Hi All,
The AI FDE is amazing. I love it. The one issue I’m having is the fact that after I get to 500k context, I have performance issues and it becomes very slow and not really useable. Thus I have to switch over to another FDE, which is a suitable approach.
However I wanted to flag this, as the whole point of having 1M tokens is to be able to use them all, however if performance makes that untenable, what’s the point of having all them tokens. So raising this in case you can fix the performance issues.
Thank you
Sam
Hi!
Although the latest advanced inference models support up to 1 million tokens and it may seem like you can solve problems by providing a large context, this is not actually the case. Please manage your context so that it does not exceed 200,000 tokens. Otherwise, the excessive context will cause the “Middle in the Lost” phenomenon, resulting in a significant drop in performance and a snowball increase in token consumption. In AI FDE, use the “Summarize above” feature to reset the context for the next session before continuing the conversation. This is a recommended practice not only in AI FDE but also in all LLM services outside of Foundry, including Claude Code and Codex.
Thanks for your note!
We’re shipping improvements to address perf issues in longer sessions. We’re attacking it from a few angles, including virtualizing the main chat list and improving memoization in our state management.
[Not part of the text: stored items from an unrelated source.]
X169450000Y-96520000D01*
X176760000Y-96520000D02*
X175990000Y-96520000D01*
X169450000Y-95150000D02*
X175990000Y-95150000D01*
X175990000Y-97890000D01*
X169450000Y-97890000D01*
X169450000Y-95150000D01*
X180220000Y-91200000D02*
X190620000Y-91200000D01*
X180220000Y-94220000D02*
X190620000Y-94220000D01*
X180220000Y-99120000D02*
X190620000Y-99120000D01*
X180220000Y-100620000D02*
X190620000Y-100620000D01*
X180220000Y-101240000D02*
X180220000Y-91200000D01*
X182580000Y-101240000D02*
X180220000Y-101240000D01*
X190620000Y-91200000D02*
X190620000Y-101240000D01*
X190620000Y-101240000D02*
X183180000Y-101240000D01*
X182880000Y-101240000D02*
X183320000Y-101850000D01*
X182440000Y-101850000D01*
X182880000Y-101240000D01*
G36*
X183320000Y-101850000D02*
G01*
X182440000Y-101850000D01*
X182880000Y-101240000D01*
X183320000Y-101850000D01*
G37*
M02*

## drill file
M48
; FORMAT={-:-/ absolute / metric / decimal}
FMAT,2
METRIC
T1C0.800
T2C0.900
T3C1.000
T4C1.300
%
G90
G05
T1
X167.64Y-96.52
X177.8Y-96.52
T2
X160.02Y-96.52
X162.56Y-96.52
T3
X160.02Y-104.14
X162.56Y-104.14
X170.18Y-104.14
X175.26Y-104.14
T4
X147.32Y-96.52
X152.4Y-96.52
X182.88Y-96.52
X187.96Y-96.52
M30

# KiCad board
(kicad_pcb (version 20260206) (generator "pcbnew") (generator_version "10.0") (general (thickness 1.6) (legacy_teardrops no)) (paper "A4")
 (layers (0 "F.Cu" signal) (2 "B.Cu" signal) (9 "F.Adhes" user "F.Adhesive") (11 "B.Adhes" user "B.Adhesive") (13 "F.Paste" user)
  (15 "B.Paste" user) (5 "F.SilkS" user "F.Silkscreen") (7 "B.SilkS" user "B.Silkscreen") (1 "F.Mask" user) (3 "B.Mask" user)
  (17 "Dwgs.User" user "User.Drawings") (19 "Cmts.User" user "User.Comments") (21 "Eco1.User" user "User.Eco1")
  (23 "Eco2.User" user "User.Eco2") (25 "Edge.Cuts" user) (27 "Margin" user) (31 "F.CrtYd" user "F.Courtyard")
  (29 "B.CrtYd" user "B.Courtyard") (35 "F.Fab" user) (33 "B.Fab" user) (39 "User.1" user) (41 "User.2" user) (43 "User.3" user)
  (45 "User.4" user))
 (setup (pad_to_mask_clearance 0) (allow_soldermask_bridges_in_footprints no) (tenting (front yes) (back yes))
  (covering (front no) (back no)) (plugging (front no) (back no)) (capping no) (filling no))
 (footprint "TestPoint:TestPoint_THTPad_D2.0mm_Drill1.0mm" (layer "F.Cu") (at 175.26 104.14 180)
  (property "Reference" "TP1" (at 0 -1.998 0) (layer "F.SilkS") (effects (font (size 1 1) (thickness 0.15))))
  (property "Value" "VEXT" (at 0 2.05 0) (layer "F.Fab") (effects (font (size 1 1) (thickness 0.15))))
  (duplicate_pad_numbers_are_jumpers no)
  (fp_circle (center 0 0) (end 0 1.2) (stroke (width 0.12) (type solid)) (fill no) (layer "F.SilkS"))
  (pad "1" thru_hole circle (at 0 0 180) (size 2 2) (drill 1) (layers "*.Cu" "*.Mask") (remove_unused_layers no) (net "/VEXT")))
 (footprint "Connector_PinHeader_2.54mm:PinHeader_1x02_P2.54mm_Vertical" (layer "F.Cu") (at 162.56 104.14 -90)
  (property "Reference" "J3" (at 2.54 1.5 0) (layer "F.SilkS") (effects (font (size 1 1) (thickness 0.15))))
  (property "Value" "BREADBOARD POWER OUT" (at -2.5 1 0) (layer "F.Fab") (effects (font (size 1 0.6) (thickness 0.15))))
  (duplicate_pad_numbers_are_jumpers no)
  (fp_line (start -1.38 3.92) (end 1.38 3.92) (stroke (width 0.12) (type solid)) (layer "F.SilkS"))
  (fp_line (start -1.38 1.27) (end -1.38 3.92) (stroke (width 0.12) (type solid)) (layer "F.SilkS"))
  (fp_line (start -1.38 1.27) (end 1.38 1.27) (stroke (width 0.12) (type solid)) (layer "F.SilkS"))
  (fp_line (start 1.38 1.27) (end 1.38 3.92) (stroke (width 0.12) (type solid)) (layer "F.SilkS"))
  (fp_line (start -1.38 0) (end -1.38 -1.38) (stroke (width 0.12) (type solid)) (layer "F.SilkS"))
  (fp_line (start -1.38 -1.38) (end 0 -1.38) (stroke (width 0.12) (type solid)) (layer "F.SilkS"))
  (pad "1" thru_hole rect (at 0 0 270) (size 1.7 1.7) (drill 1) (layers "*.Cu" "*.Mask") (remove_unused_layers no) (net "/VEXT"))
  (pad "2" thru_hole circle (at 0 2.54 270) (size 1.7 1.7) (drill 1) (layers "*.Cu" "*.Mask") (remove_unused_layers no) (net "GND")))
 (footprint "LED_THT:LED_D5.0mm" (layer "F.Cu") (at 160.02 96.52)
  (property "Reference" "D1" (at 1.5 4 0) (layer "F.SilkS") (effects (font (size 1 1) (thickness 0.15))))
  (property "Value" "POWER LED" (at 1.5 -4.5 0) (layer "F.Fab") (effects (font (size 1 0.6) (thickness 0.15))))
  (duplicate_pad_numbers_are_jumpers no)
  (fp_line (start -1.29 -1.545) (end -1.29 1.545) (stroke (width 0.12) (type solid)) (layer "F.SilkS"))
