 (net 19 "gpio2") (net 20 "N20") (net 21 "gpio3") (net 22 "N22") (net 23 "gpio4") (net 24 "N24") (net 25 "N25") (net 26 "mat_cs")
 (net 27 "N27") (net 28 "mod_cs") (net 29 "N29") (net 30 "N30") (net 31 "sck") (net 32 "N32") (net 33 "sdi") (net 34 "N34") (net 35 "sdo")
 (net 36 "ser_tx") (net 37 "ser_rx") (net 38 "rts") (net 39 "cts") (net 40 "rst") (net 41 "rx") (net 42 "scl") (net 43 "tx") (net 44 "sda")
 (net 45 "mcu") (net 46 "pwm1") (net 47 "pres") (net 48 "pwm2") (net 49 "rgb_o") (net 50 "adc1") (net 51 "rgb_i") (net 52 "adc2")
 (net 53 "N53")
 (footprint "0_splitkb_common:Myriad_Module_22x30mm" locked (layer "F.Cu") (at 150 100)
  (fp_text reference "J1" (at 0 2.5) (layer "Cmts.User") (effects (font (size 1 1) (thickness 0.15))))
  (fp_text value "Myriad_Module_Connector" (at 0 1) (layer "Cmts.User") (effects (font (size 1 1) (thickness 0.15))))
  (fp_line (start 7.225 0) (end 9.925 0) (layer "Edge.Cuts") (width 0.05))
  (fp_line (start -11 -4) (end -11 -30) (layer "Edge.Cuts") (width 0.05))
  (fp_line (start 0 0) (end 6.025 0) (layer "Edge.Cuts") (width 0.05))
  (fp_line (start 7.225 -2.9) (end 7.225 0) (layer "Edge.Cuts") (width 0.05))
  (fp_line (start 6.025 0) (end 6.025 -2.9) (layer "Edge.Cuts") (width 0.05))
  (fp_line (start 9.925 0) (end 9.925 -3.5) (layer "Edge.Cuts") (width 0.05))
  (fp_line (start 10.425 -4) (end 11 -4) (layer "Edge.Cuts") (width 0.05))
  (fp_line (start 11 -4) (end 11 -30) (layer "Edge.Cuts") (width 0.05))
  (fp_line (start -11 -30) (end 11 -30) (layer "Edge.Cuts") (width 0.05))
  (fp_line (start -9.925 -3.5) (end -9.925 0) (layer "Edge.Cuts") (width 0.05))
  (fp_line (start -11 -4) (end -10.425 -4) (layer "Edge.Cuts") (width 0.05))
I also want to note that larger context windows degrade model performance, so in many cases using double the tokens means your model is working at half capacity, even if the model allows for a larger context window.
Amazing thanks for this, learnt something new today so I appreciate it.
Where is this ‘summarise above’ feature, I couldn’t find it, and that would help solve my issue and then I can just start a new session
Once the token has filled up to a certain extent, if you hover over the area where you were chatting, you’ll see a button that says “Summarize above.”